> [AIM OF THE EXERCISE] Check each line of the data below for the string "general", then report how many lines have it and nothing else.
### INPUT MATERIAL ###
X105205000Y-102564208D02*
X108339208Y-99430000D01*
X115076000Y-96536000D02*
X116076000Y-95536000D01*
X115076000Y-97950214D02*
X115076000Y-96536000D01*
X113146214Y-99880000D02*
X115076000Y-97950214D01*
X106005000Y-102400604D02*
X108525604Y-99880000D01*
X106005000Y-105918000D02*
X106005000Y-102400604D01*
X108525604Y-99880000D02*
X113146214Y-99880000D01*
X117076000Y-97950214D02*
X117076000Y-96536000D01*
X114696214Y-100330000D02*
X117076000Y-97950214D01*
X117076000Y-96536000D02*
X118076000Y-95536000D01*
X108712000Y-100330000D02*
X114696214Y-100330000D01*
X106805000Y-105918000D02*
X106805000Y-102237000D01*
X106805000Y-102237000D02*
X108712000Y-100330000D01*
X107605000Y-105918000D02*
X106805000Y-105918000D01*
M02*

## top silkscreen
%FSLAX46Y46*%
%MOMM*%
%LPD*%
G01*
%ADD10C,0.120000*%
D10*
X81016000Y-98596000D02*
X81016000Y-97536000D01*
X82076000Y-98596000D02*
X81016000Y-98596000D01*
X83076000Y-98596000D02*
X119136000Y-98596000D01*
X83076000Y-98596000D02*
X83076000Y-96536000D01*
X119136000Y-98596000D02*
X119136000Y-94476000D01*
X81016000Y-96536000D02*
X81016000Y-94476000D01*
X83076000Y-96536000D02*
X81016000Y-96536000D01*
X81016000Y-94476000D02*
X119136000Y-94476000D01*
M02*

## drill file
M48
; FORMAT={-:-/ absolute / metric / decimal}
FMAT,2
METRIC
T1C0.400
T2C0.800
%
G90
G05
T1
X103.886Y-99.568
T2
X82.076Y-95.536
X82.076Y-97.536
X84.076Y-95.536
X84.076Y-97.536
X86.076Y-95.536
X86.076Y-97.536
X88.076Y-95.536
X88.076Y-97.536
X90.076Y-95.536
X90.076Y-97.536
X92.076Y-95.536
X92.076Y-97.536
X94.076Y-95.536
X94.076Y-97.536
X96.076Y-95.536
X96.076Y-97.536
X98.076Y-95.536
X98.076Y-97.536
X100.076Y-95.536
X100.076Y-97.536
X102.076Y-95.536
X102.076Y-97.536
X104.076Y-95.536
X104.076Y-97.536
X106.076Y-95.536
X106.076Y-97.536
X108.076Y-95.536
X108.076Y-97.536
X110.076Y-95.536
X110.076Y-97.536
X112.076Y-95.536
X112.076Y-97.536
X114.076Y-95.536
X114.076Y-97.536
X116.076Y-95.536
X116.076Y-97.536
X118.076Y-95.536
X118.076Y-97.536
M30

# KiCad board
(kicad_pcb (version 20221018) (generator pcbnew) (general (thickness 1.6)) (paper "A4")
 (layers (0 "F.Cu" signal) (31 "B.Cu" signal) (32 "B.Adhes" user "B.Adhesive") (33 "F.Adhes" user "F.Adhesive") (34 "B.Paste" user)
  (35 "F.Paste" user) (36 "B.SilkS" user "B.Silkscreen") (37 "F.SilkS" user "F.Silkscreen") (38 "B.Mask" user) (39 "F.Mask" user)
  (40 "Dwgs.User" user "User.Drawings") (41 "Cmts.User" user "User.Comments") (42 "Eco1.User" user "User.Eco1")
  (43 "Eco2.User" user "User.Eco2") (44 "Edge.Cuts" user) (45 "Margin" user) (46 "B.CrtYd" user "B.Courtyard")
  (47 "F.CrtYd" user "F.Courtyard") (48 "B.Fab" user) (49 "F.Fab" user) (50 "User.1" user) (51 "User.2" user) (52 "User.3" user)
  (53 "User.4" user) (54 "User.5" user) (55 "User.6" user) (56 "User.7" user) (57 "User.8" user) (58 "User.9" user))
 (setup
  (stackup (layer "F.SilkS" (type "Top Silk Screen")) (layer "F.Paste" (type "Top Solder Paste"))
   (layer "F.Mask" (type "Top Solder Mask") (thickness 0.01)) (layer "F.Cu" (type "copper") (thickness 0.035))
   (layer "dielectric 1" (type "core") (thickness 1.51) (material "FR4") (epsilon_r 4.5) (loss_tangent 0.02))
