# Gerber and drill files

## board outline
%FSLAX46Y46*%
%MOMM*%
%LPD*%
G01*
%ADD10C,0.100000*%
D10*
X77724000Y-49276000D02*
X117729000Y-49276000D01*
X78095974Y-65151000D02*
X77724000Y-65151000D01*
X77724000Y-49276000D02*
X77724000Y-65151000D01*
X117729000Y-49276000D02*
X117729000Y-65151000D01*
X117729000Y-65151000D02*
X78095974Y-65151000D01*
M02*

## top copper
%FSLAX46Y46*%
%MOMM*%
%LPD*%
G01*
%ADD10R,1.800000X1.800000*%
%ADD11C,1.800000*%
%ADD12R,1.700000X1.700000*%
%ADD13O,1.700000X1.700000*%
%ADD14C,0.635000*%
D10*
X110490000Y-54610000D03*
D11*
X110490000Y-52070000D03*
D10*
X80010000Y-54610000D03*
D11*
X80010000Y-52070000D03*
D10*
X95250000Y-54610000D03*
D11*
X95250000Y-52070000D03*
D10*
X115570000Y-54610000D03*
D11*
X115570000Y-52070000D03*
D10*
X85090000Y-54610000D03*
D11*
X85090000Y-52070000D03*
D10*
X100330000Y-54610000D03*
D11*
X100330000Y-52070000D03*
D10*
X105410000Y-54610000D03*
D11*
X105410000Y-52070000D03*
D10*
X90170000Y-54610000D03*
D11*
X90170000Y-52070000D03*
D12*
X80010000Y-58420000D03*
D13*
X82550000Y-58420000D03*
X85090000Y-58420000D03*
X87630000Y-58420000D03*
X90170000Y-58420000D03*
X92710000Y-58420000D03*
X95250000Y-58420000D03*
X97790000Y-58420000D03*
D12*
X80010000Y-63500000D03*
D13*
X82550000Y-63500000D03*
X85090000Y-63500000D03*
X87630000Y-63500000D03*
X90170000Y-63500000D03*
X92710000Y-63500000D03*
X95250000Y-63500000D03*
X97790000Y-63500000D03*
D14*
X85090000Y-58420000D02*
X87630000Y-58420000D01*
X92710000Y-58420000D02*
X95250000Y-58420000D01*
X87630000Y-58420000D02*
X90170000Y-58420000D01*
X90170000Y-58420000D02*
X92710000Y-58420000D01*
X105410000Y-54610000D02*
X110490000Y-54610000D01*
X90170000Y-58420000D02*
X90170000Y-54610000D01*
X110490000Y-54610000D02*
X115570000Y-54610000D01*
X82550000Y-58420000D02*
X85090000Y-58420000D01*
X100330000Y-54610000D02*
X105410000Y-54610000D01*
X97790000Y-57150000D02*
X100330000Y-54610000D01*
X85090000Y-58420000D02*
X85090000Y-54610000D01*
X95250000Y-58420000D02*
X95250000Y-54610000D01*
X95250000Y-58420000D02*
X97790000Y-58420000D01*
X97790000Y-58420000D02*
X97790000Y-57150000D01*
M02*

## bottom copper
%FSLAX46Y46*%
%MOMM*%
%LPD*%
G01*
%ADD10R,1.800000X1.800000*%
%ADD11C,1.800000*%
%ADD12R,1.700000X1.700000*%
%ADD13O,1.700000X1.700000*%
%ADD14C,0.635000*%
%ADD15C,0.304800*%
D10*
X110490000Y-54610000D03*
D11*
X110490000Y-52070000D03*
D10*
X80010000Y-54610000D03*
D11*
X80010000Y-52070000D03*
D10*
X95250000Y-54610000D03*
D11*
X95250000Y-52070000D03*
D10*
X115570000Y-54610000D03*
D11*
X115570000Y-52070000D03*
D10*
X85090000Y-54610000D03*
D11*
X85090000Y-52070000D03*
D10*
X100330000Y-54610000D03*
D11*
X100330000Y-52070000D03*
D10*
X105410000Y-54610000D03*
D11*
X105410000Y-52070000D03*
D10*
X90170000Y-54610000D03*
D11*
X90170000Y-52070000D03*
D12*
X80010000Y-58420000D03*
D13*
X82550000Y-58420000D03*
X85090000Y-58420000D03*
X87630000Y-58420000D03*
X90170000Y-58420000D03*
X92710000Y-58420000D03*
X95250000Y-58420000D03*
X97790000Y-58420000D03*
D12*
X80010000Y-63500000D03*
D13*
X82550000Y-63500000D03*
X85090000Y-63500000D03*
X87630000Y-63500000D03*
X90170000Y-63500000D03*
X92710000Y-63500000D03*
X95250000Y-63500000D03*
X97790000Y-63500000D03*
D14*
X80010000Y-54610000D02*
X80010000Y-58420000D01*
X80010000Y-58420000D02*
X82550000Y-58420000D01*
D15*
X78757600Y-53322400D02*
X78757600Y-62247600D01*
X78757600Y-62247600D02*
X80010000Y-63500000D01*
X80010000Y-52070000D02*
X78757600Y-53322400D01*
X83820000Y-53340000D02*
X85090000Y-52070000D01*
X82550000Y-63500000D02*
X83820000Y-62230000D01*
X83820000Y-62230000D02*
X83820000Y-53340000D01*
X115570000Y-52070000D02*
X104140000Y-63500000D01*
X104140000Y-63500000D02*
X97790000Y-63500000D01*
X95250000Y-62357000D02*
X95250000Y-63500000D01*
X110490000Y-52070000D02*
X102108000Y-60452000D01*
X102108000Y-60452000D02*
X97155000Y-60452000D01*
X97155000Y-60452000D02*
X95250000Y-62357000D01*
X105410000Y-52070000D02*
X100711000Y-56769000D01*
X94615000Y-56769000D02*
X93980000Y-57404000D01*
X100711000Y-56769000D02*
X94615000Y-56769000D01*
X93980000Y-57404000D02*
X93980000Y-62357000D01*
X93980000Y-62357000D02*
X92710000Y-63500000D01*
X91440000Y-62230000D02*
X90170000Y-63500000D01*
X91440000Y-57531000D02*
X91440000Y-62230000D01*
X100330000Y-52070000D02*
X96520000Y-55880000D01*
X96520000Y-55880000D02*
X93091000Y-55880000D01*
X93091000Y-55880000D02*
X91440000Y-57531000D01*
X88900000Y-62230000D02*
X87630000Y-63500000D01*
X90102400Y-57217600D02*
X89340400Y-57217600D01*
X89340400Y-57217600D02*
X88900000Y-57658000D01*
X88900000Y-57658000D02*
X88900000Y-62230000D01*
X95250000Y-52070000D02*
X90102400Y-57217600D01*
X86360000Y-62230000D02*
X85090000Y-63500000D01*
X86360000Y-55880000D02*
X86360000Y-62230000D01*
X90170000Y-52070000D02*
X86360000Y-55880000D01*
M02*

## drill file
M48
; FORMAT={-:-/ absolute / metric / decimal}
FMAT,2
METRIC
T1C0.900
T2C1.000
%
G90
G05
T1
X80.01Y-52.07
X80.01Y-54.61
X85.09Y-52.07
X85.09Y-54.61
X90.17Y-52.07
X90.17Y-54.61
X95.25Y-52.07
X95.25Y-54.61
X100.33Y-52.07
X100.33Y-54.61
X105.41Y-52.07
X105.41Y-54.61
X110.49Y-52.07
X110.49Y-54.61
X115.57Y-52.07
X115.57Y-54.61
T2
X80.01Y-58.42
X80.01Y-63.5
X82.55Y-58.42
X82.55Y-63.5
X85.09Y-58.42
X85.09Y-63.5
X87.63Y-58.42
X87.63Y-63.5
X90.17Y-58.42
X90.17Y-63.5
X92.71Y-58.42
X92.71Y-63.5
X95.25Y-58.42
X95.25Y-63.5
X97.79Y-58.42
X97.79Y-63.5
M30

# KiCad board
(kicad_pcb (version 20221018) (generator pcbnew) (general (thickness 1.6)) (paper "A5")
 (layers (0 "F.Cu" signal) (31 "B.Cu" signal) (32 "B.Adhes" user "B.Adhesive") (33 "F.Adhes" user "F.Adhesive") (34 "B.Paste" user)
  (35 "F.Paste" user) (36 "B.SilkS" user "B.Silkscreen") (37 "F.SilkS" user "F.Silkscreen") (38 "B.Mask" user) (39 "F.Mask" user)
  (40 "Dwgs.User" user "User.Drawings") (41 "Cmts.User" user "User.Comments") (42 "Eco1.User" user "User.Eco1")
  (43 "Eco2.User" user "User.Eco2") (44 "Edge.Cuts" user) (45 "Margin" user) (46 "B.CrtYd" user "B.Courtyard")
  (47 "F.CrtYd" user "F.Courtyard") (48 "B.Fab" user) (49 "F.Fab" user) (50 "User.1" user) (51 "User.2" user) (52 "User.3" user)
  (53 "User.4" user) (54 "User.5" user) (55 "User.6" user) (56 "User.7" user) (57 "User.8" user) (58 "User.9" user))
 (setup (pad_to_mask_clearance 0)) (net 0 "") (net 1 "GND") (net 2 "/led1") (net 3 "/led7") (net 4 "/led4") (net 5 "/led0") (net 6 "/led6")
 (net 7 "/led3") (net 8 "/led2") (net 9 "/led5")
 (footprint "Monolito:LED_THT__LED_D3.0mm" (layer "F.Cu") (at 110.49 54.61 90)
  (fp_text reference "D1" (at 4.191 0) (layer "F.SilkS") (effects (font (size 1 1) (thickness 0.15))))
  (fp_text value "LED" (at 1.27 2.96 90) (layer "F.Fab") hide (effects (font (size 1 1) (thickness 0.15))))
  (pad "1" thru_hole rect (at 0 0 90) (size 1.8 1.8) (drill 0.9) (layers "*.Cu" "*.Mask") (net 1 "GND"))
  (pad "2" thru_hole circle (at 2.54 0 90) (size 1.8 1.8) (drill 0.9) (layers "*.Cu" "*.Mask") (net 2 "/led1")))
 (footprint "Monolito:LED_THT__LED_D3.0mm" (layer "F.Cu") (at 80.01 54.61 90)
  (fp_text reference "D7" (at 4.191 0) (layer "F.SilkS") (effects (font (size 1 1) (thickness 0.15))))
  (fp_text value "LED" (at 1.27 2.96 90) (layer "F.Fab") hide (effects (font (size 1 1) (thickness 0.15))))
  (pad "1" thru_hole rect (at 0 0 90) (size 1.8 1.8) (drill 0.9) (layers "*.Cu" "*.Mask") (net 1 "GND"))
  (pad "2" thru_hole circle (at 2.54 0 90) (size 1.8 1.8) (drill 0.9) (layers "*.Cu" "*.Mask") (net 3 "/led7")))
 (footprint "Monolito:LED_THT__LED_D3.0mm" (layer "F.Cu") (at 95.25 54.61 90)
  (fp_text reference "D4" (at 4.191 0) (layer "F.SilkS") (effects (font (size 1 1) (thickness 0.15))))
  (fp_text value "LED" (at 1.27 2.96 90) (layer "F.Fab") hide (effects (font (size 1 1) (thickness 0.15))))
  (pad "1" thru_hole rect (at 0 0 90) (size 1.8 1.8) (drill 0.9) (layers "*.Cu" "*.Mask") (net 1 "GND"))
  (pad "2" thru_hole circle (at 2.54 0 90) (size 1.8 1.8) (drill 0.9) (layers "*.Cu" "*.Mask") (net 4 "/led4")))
###
### INPUT MATERIAL ###
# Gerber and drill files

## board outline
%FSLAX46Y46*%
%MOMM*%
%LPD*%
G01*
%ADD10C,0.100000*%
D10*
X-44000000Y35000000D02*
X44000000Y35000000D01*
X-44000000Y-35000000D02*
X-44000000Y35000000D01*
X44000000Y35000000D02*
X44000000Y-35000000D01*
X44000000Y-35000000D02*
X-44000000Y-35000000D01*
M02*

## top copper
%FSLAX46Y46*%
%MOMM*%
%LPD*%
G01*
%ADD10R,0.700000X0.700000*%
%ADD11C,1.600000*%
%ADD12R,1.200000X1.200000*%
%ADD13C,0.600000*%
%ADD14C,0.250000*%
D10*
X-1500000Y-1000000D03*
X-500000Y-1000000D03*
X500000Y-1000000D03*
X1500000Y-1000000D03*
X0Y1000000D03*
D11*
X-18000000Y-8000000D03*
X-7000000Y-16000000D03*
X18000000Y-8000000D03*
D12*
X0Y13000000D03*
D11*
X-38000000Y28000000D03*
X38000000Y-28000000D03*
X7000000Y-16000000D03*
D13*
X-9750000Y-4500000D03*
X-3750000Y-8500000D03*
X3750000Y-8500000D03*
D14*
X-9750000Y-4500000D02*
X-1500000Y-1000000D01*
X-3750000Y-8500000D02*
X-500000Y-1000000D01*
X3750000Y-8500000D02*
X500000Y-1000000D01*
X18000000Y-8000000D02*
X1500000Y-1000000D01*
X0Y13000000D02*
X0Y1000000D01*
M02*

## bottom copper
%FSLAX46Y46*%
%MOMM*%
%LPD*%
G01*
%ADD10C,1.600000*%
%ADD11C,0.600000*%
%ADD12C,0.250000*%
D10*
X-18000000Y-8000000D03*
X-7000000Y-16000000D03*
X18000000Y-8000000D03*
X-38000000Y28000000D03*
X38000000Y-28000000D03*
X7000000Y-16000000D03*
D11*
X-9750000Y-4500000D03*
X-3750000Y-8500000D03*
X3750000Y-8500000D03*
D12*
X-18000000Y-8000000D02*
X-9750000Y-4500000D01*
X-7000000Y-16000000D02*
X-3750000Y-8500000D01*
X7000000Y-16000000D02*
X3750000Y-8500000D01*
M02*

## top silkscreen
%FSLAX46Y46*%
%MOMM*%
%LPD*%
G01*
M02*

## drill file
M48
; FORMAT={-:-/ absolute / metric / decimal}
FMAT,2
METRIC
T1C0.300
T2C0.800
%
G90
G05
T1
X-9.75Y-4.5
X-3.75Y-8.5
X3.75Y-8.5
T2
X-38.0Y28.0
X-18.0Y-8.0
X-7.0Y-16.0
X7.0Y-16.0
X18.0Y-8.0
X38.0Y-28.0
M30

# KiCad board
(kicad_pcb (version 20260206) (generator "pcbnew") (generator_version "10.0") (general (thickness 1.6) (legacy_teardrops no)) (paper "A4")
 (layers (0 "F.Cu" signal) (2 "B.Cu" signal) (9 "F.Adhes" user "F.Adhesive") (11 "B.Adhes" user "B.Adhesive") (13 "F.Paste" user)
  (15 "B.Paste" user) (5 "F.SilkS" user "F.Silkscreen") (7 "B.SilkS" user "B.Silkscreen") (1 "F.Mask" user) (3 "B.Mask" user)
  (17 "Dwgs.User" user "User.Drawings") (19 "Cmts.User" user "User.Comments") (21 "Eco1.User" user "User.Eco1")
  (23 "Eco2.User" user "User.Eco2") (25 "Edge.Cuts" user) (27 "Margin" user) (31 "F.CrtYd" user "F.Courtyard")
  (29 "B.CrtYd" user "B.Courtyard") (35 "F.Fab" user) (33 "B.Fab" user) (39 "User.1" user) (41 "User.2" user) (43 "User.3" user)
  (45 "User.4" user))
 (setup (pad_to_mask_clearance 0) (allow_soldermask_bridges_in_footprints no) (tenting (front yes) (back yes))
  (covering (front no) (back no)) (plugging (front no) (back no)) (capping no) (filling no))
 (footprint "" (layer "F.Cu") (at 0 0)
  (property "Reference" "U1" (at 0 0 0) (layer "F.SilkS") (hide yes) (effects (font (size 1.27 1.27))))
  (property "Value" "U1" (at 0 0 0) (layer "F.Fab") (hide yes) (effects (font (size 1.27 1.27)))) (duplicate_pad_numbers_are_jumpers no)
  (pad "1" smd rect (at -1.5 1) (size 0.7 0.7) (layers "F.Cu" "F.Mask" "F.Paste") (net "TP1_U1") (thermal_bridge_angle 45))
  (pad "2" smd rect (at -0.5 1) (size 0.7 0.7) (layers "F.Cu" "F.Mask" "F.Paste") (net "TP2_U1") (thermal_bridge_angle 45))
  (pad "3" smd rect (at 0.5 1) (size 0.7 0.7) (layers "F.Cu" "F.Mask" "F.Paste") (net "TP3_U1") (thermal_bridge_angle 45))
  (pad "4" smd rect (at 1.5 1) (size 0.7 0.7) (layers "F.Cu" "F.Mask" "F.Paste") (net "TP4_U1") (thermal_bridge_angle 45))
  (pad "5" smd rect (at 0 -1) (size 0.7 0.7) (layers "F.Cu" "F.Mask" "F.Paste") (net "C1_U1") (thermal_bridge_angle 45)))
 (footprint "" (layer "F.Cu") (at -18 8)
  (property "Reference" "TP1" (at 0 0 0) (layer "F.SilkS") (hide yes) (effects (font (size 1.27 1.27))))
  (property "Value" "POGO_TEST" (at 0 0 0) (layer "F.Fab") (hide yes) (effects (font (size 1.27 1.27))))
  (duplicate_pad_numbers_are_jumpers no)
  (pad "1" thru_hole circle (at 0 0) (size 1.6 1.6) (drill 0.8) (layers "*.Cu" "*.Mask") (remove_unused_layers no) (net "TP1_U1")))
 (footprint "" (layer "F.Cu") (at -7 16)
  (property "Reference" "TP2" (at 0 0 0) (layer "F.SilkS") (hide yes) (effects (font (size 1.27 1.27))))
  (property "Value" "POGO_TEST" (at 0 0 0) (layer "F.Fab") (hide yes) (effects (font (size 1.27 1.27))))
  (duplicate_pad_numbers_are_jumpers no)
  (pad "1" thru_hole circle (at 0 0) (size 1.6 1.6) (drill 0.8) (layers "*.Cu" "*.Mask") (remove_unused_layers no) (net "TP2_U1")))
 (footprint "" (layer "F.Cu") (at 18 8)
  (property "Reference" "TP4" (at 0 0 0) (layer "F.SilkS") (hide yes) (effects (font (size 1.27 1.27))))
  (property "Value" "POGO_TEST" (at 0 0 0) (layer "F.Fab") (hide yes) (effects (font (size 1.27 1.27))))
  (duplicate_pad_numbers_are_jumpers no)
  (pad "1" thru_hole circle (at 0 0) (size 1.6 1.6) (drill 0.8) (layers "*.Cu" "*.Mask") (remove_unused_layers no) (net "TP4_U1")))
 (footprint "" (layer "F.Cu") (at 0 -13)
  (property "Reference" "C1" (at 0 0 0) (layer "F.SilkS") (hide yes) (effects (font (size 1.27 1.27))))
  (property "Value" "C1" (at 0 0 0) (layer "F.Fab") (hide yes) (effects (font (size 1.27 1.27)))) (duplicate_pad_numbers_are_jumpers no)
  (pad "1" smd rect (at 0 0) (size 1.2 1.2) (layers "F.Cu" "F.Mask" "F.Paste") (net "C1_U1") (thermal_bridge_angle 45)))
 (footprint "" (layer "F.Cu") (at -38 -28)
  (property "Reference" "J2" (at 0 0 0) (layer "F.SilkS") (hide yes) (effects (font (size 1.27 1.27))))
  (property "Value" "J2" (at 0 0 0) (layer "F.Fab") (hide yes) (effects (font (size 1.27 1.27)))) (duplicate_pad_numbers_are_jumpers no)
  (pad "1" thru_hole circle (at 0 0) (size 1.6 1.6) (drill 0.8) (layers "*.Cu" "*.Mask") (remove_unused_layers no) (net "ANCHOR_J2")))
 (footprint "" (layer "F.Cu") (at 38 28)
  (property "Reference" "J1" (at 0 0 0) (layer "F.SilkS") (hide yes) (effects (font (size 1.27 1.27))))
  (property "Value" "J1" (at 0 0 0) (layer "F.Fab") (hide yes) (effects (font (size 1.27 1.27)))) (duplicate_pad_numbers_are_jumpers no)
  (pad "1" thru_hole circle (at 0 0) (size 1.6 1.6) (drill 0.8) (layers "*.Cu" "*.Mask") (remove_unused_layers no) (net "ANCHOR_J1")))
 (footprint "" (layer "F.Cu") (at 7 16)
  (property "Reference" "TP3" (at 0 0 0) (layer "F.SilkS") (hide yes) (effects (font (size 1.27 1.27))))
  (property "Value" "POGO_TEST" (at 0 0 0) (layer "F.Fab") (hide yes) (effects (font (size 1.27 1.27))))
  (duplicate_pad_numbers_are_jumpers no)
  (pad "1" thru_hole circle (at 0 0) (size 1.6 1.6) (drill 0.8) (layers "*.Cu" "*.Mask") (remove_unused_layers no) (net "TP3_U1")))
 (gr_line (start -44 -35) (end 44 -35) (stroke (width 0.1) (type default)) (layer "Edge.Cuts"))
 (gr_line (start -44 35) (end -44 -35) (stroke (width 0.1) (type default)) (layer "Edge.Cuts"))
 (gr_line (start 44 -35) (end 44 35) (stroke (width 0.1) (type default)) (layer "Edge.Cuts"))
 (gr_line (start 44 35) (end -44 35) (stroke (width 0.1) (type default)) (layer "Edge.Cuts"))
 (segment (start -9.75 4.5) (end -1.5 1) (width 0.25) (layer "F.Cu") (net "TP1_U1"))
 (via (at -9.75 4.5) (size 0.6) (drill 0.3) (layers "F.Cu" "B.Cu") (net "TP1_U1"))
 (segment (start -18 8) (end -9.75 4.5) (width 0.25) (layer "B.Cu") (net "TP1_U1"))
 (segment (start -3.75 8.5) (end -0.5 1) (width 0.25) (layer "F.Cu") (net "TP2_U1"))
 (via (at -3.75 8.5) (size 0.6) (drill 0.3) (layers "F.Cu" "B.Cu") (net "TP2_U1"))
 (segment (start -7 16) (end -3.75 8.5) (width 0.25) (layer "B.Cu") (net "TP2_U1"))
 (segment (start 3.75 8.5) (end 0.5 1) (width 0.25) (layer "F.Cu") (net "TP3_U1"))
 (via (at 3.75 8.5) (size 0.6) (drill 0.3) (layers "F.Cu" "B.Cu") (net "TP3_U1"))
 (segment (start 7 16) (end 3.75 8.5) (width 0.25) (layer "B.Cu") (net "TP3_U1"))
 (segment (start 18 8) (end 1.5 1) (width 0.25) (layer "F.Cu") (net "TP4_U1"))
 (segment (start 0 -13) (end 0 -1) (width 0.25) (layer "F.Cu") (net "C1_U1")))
###
> [ANSWER SECTION] 3